MoonCCat revient avec Forget Me Knot, album autoproduit, sombre mais traversé aussi de brillants éclats de lumière. Ce côté romantique noir, le chanteur l’assume avec un bel aplomb, en mettant en musique les vers de Gérard de Nerval (Vers dorés), de Baudelaire (Baudelaire 20 décembre 1855) et même... d’Alphonse Daudet (L’oiseau bleu). Disons aussi que les influences du chanteur sont à chercher autant du côté de Rimbaud ou Verlaine Edgar Alan Poe que de celui de Bram Stoker ou de Hermann Hesse.
MoonCCat est également au texte dans des titres tout autant convaincants et acides : Le voyage ("Il ne faut pas regretter / Ce que la vie nous offre / Il ne faut pas penser que ce n’est pas assez… / Il ne faut pas espérer que les choses s’améliorent"), Le chat Haret, L’idole ou Ton souvenir.
Comme s'il était catapulté dans notre époque, MoonCCat y apporte sa part de mystère, mêlant, dans un album résolument rock, mâtinée de pop eighties (Baudelaire 20 décembre 1855, L’idole), du mysticisme (Le chat Haret), du désespoir (Le voyage), de sensualité (Morganella Morganii qui "provoque des incendies"), de la poésie (Shoot the poet) et du gothique éclatant de lyrisme (Shadow, L’obscurité des nuits).
"Le premier voyageur temporel à essayer la machine à explorer le temps de H.G. Wells"

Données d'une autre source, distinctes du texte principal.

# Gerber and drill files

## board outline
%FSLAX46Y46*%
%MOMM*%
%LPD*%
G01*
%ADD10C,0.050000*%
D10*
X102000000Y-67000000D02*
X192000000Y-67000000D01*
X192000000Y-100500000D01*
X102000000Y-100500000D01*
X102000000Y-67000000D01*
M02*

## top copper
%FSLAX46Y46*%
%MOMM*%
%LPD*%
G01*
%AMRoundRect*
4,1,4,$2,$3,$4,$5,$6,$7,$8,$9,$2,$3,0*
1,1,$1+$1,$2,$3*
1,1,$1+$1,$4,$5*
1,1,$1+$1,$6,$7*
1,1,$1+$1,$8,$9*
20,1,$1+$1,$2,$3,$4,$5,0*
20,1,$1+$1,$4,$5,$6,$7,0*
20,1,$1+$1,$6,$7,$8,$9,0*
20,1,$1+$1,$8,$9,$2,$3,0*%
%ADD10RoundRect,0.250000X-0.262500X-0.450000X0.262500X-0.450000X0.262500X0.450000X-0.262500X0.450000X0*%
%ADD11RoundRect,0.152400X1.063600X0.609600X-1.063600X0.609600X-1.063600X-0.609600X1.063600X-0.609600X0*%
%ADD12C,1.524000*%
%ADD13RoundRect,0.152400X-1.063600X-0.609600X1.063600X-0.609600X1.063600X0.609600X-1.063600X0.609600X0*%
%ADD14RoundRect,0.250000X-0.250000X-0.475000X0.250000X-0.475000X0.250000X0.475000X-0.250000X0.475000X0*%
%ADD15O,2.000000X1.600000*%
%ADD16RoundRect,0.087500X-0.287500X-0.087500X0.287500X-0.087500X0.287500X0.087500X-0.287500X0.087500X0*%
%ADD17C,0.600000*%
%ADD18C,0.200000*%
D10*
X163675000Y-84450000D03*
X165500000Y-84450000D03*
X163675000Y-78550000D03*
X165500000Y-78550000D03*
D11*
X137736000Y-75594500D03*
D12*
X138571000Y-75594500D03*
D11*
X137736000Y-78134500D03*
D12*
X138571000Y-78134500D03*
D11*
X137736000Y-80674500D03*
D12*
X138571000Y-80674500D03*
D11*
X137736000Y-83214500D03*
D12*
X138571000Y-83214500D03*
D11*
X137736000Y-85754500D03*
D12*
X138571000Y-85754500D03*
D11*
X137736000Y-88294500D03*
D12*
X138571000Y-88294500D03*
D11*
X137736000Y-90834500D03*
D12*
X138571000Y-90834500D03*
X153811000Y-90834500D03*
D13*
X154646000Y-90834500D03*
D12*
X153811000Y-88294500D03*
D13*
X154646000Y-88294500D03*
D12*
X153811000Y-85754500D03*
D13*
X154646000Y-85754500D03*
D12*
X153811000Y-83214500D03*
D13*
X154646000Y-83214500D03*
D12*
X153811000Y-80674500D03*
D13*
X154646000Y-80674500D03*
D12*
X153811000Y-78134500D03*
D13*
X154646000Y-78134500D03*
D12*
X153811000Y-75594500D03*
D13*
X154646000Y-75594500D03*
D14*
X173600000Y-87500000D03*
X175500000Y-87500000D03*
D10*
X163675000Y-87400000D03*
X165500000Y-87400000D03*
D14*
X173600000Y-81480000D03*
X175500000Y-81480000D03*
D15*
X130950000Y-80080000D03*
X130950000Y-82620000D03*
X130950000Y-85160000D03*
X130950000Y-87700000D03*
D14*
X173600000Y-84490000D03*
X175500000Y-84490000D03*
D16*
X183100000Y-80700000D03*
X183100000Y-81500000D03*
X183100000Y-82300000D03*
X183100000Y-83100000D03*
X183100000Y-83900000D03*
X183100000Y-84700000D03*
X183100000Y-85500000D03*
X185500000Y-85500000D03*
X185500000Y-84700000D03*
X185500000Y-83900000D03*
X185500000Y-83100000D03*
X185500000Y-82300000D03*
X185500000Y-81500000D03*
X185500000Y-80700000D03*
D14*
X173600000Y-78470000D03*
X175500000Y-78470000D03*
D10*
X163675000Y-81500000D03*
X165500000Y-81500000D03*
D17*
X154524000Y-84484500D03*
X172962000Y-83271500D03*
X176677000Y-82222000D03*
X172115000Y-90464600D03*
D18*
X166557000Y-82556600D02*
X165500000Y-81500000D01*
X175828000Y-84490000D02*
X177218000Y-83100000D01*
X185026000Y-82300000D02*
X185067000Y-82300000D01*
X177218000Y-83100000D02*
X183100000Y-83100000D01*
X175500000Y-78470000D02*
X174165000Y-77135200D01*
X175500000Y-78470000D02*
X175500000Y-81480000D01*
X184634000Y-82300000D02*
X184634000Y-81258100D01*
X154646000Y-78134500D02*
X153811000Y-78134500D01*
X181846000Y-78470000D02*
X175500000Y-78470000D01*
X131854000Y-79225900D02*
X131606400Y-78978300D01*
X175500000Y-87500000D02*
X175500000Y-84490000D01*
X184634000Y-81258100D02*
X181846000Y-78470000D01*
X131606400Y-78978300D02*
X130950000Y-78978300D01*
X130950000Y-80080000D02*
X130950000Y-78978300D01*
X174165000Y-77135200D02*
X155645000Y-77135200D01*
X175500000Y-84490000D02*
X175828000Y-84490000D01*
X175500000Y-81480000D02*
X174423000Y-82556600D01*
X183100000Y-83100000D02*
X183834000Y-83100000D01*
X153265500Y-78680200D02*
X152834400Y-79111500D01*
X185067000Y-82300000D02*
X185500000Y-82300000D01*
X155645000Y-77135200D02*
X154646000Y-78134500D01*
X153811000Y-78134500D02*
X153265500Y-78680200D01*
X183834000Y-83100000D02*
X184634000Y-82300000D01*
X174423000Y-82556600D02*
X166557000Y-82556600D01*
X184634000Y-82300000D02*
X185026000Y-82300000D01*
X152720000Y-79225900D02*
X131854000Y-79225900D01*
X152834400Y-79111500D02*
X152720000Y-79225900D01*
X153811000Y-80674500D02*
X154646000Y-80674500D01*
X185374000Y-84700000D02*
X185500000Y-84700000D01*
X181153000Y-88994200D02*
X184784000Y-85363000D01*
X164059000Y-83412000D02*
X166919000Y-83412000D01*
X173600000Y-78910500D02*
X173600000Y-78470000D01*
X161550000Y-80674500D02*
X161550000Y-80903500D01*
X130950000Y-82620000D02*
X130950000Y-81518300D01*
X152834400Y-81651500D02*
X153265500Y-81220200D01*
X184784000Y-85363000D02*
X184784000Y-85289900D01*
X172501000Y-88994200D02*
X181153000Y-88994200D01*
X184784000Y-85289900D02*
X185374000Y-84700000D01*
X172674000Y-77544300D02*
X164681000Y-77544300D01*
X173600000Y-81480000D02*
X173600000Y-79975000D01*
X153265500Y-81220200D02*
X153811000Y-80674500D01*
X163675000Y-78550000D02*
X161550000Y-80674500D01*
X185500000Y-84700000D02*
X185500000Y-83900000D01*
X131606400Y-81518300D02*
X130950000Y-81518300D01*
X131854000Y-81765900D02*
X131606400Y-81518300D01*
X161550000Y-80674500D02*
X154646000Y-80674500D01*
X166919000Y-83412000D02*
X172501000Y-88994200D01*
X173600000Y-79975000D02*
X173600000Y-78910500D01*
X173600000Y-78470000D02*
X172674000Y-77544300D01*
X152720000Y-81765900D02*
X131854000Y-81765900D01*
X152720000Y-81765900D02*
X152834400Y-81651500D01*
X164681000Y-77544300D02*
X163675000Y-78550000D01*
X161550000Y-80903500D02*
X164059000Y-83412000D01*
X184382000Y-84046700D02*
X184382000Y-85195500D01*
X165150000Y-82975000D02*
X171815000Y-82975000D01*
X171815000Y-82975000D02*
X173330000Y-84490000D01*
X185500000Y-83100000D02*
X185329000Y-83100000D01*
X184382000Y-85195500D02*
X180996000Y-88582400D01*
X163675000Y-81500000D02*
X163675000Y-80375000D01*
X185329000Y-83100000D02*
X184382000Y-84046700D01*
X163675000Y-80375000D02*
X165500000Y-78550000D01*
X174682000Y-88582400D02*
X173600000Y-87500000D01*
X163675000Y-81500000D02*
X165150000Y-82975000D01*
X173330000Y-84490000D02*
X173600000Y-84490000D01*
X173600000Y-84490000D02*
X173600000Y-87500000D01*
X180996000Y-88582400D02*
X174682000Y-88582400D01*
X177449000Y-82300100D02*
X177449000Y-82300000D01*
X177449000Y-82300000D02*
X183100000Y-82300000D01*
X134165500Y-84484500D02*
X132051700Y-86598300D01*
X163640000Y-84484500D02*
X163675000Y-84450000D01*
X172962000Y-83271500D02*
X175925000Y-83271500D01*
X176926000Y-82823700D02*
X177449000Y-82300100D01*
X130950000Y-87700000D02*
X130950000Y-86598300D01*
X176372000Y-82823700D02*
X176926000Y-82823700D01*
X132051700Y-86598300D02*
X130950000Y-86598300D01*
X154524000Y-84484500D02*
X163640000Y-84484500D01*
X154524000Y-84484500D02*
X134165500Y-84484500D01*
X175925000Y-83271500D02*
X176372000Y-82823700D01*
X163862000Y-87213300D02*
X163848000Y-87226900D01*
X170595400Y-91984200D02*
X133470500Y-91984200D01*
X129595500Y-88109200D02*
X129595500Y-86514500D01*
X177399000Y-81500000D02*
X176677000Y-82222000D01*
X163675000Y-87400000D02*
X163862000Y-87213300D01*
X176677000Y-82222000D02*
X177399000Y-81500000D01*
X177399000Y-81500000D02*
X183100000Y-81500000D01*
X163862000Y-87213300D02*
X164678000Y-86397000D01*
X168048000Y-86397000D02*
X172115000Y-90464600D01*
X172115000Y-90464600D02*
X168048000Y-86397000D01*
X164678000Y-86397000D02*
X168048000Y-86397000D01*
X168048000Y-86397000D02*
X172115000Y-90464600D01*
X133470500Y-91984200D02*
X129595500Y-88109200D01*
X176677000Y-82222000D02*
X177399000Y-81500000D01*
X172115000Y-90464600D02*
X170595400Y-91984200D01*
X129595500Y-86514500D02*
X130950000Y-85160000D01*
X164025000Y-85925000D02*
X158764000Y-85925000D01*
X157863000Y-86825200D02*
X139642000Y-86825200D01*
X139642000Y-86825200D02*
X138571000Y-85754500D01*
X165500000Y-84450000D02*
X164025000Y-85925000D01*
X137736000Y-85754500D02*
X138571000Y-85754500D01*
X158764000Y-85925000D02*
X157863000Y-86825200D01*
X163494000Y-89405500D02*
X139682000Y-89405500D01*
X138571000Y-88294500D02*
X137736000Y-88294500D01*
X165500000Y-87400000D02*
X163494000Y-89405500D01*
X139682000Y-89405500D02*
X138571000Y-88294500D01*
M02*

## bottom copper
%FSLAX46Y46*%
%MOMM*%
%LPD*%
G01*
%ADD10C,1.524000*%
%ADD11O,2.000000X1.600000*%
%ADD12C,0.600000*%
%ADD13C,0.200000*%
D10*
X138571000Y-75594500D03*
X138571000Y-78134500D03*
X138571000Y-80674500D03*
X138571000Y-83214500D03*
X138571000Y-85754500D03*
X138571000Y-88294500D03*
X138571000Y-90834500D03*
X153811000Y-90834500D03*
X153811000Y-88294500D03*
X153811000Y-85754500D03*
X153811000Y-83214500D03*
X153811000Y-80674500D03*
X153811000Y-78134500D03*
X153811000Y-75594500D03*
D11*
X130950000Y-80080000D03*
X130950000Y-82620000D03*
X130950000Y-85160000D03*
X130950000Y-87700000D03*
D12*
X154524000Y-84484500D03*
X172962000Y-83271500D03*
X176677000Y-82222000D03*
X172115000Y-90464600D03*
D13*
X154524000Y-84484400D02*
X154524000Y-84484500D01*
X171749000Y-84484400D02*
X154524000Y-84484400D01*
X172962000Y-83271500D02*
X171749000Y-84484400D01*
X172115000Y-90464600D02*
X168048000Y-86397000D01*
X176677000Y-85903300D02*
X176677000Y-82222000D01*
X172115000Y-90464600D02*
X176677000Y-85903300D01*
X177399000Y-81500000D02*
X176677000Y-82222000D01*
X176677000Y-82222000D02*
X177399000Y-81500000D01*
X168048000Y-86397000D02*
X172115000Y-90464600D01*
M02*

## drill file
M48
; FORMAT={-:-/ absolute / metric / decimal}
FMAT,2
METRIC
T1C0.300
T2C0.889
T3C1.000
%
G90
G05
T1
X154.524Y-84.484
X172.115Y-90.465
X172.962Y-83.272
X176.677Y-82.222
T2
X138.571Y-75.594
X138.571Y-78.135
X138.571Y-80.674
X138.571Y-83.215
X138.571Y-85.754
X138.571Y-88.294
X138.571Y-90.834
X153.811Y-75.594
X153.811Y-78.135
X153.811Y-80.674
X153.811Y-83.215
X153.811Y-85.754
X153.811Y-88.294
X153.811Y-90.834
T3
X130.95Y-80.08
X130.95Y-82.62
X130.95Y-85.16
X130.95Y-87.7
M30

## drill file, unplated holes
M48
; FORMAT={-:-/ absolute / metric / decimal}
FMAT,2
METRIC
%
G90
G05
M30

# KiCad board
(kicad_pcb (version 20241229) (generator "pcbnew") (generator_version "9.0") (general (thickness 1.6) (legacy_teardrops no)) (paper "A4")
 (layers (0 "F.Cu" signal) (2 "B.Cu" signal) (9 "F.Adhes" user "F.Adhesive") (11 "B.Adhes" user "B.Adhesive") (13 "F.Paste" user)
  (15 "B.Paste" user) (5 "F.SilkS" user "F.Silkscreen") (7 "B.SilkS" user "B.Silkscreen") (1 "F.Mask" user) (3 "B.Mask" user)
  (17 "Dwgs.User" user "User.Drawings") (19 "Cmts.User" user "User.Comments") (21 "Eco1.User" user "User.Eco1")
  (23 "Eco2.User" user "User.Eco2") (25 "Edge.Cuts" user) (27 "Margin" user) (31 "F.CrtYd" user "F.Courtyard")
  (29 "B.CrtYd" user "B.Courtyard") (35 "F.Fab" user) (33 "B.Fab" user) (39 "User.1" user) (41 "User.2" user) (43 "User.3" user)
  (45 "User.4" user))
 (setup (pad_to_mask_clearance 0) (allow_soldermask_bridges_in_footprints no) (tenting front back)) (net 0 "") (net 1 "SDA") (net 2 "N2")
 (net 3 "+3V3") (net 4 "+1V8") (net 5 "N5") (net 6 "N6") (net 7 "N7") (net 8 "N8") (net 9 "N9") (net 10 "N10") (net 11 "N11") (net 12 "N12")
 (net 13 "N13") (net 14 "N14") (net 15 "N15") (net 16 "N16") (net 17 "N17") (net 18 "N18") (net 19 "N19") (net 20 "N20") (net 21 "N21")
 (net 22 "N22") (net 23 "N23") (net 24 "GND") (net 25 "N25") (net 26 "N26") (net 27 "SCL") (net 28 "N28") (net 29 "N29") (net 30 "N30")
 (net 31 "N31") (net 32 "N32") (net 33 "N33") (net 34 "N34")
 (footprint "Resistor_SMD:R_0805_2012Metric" (layer "F.Cu") (at 164.5875 84.45)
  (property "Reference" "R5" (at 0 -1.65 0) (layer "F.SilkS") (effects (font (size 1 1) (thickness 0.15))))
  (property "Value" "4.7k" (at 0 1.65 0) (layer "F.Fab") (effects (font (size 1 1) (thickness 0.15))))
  (pad "1" smd roundrect (at -0.9125 0) (size 1.025 1.4) (layers "F.Cu" "F.Mask" "F.Paste") (roundrect_rratio 0.243902) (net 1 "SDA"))
  (pad "2" smd roundrect (at 0.9125 0) (size 1.025 1.4) (layers "F.Cu" "F.Mask" "F.Paste") (roundrect_rratio 0.243902) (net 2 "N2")))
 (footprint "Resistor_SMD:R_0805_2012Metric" (layer "F.Cu") (at 164.5875 78.55)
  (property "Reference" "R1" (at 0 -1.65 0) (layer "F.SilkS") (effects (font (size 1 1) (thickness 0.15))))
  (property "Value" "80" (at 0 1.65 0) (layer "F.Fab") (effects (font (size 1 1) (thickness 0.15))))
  (pad "1" smd roundrect (at -0.9125 0) (size 1.025 1.4) (layers "F.Cu" "F.Mask" "F.Paste") (roundrect_rratio 0.243902) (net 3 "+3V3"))
  (pad "2" smd roundrect (at 0.9125 0) (size 1.025 1.4) (layers "F.Cu" "F.Mask" "F.Paste") (roundrect_rratio 0.243902) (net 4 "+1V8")))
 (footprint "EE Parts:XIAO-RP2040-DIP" (layer "F.Cu") (at 146.191 83.2145)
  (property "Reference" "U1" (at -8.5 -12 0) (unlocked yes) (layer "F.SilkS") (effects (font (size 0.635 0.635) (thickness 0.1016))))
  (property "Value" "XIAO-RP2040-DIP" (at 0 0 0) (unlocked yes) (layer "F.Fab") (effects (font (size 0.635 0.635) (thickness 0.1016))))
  (pad "1" smd roundrect (at -8.455 -7.62 180) (size 2.432 1.524) (layers "F.Cu" "F.Mask") (roundrect_rratio 0.1) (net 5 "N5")
   (thermal_bridge_angle 45))
  (pad "1" thru_hole circle (at -7.62 -7.62 180) (size 1.524 1.524) (drill 0.889) (layers "*.Cu" "*.Mask") (remove_unused_layers no)
   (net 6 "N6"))
  (pad "2" smd roundrect (at -8.455 -5.08 180) (size 2.432 1.524) (layers "F.Cu" "F.Mask") (roundrect_rratio 0.1) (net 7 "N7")
   (thermal_bridge_angle 45))
  (pad "2" thru_hole circle (at -7.62 -5.08 180) (size 1.524 1.524) (drill 0.889) (layers "*.Cu" "*.Mask") (remove_unused_layers no)
   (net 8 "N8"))
  (pad "3" smd roundrect (at -8.455 -2.54 180) (size 2.432 1.524) (layers "F.Cu" "F.Mask") (roundrect_rratio 0.1) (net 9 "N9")
   (thermal_bridge_angle 45))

Dans cet album d’une belle cohérence figure un morceau énigmatique. Avec Sanatorium Europa, le plus dandy des chanteurs nous transporte dans l’Europe des années 20, sur la trace de Thomas Mann et d’Herman Hesse, lors de son séjour à Monte Verità. Explication de texte par MoonCCat lui-même : "Si les deux auteurs allemands sont peut-être familiers à certains, notamment Thomas Mann et sa Montagne Magique, Monte Verità ne doit pas dire grand chose à grand monde car il s'agit d'une expérience communautaire assez étrange et aujourd'hui oubliée qui a eu lieu au début du XXe siècle en Suisse… Six jeunes gens de bonne famille se sont effectivement lancés dans une aventure unique en son genre : quitter la société moderne dont ils étaient dégoûtés pour créer un nouveau mode de vie destiné à retourner au plus proche de la nature en construisant de toutes pièces un village autarcique auto suffisant qui réunira artistes, peintres, danseurs, chorégraphes, occultistes, anarchistes, bref, une population très éclectique, en recherche d'authenticité. Le village s'éleva à Monte Verità, "la montagne de la vérité", à Ascona en Suisse… C'est une utopie communautaire qui s'est construite et a perduré durant une vingtaine d'années. Elle a brassé de grands noms comme Hermann Hesse, Carl Jung ou Isadora Duncan, entre autre… Le titre raconte le séjour de Hermann Hesse dans ce lieu hors norme. Il ne raconte pas sa rencontre avec un prophète étrange qui à ce moment là, avait quitté la communauté pour vivre en ermite dans une grotte : l'étrange Gustö Gräser, qui fut pour lui une rencontre déterminante et a certainement joué un rôle dans ses romans initiatiques comme Demian et Le Loup des Steppes, avec qui Gräser avait certains traits en commun…"
Sanatorium Europa est une vraie singularité dans un album à l’empreinte XIXe siècle, sombre, beau, érudit et douloureux : "J’ai dans mon cœur un oiseau bleu, / Une charmante créature, / Si mignonne que sa ceinture / N’a pas l’épaisseur d’un cheveu… / Et son bec fin comme une lame, / En continuant son chemin, / M’est entré jusqu’au fond de l’âme."